In summary, I can accept that public opinion today places Dudley as the ‘Modern Capital’, but it is totally wrong to consider it as the ‘traditional Capital’. I am sorry, but that is a total misrepresentation of Black Country history yet it is still readily accepted, and it is as fabricated a notion as the 1960s theory that the Black Country was traditionally solely

defined by the thick coal seam. That was clearly not the case back in the defining-1800s.


I must challenge such views when I see them because they are evidently and factually incorrect, I would go as far as saying that they are views created non-contemporaneously, sometimes to suit an agenda. The truth is everything, however unpopular it is. Only in recent years have we been able to readily access 1800s newspapers and books for example, creating a new window of discovery for researchers, into popular views of past-times, which tell a different version or school of thought regards the origins of Black Country, than is widely-believed and eagerly accepted today.

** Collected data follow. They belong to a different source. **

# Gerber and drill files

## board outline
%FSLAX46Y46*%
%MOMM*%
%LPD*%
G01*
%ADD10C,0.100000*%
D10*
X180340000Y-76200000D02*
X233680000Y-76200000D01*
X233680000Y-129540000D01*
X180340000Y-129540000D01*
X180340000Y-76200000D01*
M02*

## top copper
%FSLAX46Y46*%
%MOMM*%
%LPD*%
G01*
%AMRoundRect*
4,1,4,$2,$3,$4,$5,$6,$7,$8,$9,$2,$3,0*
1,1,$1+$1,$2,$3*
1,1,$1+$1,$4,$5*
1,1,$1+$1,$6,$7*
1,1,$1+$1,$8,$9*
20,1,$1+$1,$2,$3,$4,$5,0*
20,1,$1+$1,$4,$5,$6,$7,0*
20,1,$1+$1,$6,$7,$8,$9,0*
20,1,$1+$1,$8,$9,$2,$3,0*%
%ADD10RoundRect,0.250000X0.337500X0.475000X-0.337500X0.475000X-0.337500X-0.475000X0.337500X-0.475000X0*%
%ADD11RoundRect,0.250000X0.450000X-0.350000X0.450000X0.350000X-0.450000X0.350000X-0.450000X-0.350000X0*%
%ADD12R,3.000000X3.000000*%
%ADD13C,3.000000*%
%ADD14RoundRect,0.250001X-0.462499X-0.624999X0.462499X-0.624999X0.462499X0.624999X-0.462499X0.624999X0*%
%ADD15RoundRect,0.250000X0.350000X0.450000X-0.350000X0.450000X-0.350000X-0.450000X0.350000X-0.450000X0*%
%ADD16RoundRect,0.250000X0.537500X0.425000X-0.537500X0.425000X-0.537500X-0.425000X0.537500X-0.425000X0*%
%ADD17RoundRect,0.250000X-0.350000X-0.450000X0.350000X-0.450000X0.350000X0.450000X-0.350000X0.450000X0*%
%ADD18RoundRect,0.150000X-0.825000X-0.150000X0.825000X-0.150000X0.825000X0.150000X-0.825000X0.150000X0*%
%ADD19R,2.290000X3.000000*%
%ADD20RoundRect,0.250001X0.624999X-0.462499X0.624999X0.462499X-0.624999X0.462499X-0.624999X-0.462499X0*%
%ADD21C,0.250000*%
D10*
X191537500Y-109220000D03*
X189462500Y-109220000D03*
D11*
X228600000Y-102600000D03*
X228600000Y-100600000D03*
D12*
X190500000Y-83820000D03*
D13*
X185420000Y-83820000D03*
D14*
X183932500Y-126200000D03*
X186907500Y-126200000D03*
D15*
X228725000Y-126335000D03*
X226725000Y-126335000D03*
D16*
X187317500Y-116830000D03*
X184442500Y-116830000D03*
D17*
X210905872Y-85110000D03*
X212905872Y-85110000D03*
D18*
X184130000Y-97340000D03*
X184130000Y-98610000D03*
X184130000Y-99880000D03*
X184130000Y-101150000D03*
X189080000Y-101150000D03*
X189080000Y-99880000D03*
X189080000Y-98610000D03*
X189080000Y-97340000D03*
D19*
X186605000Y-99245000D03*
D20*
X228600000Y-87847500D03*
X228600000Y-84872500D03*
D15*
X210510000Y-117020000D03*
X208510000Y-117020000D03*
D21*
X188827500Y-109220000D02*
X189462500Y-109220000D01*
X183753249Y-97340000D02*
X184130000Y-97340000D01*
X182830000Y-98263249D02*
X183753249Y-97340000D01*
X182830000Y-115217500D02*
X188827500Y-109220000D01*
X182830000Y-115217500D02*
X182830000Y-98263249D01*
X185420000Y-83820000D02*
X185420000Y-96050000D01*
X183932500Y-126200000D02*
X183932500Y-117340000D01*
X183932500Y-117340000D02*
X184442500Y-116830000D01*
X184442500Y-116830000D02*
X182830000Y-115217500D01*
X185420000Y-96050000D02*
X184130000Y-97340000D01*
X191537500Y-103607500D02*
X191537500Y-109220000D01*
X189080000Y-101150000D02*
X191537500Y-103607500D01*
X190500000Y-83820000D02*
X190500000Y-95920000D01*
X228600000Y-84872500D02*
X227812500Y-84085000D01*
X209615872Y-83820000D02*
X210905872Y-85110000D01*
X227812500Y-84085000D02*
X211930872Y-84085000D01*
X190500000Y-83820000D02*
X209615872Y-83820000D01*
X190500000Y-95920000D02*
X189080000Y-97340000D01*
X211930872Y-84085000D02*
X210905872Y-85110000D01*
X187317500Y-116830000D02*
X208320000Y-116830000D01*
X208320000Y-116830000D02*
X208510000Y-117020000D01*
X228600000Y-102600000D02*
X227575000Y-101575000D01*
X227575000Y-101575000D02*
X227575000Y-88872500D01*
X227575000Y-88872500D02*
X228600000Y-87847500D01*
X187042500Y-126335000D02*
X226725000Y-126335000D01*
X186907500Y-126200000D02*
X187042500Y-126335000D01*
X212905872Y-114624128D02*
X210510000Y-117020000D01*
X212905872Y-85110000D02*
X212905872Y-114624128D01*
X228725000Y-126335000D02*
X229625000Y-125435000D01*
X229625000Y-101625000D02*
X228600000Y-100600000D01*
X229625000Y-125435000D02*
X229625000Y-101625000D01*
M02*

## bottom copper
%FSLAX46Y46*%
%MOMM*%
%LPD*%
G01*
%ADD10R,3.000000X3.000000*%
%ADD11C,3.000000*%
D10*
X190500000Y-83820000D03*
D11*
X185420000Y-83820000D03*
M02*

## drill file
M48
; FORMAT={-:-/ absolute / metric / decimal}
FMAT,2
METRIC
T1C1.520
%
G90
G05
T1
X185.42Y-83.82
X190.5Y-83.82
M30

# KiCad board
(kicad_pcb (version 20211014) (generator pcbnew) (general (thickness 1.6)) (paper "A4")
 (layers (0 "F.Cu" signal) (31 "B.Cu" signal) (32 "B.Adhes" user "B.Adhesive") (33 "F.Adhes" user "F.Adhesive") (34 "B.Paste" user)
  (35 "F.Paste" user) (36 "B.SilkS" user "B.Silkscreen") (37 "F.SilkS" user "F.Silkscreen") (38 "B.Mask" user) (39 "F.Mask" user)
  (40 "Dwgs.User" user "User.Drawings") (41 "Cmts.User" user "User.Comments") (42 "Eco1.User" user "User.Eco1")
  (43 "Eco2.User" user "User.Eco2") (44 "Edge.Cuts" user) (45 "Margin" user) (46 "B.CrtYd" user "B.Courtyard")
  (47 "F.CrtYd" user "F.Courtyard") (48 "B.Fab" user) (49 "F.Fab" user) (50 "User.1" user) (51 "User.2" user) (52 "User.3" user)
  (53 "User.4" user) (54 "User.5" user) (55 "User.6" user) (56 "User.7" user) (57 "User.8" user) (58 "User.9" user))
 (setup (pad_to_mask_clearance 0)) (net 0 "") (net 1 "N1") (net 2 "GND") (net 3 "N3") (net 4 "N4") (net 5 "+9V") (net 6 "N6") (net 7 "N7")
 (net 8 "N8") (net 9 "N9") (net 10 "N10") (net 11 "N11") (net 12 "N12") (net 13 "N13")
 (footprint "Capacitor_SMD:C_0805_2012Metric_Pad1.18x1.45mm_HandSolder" (layer "F.Cu") (at 190.5 109.22 180)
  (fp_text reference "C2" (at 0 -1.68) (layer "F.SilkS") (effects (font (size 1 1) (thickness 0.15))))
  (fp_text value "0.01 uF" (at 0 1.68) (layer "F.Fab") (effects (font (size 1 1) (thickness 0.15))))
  (pad "1" smd roundrect (at -1.0375 0 180) (size 1.175 1.45) (layers "F.Cu" "F.Paste" "F.Mask") (roundrect_rratio 0.2127659574)
   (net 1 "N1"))
  (pad "2" smd roundrect (at 1.0375 0 180) (size 1.175 1.45) (layers "F.Cu" "F.Paste" "F.Mask") (roundrect_rratio 0.2127659574)
   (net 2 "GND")))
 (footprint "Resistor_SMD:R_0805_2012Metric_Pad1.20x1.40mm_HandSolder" (layer "F.Cu") (at 228.6 101.6 90)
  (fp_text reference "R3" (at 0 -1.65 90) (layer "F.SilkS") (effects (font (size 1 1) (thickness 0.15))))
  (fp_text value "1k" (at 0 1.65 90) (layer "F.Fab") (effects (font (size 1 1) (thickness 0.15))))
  (pad "1" smd roundrect (at -1 0 90) (size 1.2 1.4) (layers "F.Cu" "F.Paste" "F.Mask") (roundrect_rratio 0.2083333333) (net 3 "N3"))
  (pad "2" smd roundrect (at 1 0 90) (size 1.2 1.4) (layers "F.Cu" "F.Paste" "F.Mask") (roundrect_rratio 0.2083333333) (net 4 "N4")))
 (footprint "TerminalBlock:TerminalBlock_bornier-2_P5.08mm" (layer "F.Cu") (at 190.5 83.82 180)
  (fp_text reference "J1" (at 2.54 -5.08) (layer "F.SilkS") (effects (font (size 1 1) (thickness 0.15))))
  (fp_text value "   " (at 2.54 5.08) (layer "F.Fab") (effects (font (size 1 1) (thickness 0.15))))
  (pad "1" thru_hole rect (at 0 0 180) (size 3 3) (drill 1.52) (layers *.Cu *.Mask) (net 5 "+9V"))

Dudley was clearly 'not' widely-considered the traditional ‘Capital of the Black Country', and the environmentally-damaged thin seam district with its adjacent rich iron-ore seams and numerous iron works around Wolverhampton, Willenhall, Bilston was considered as the classic original Black Country environment because of its uniquely damaged landscape and excessively-smoky atmosphere. I appreciate everything is centred around Dudley today, but it concerns me greatly that Black Country history is in effect being re-written and misrepresented simply because it reflects popular, relatively-modern 1960s-onwards opinion.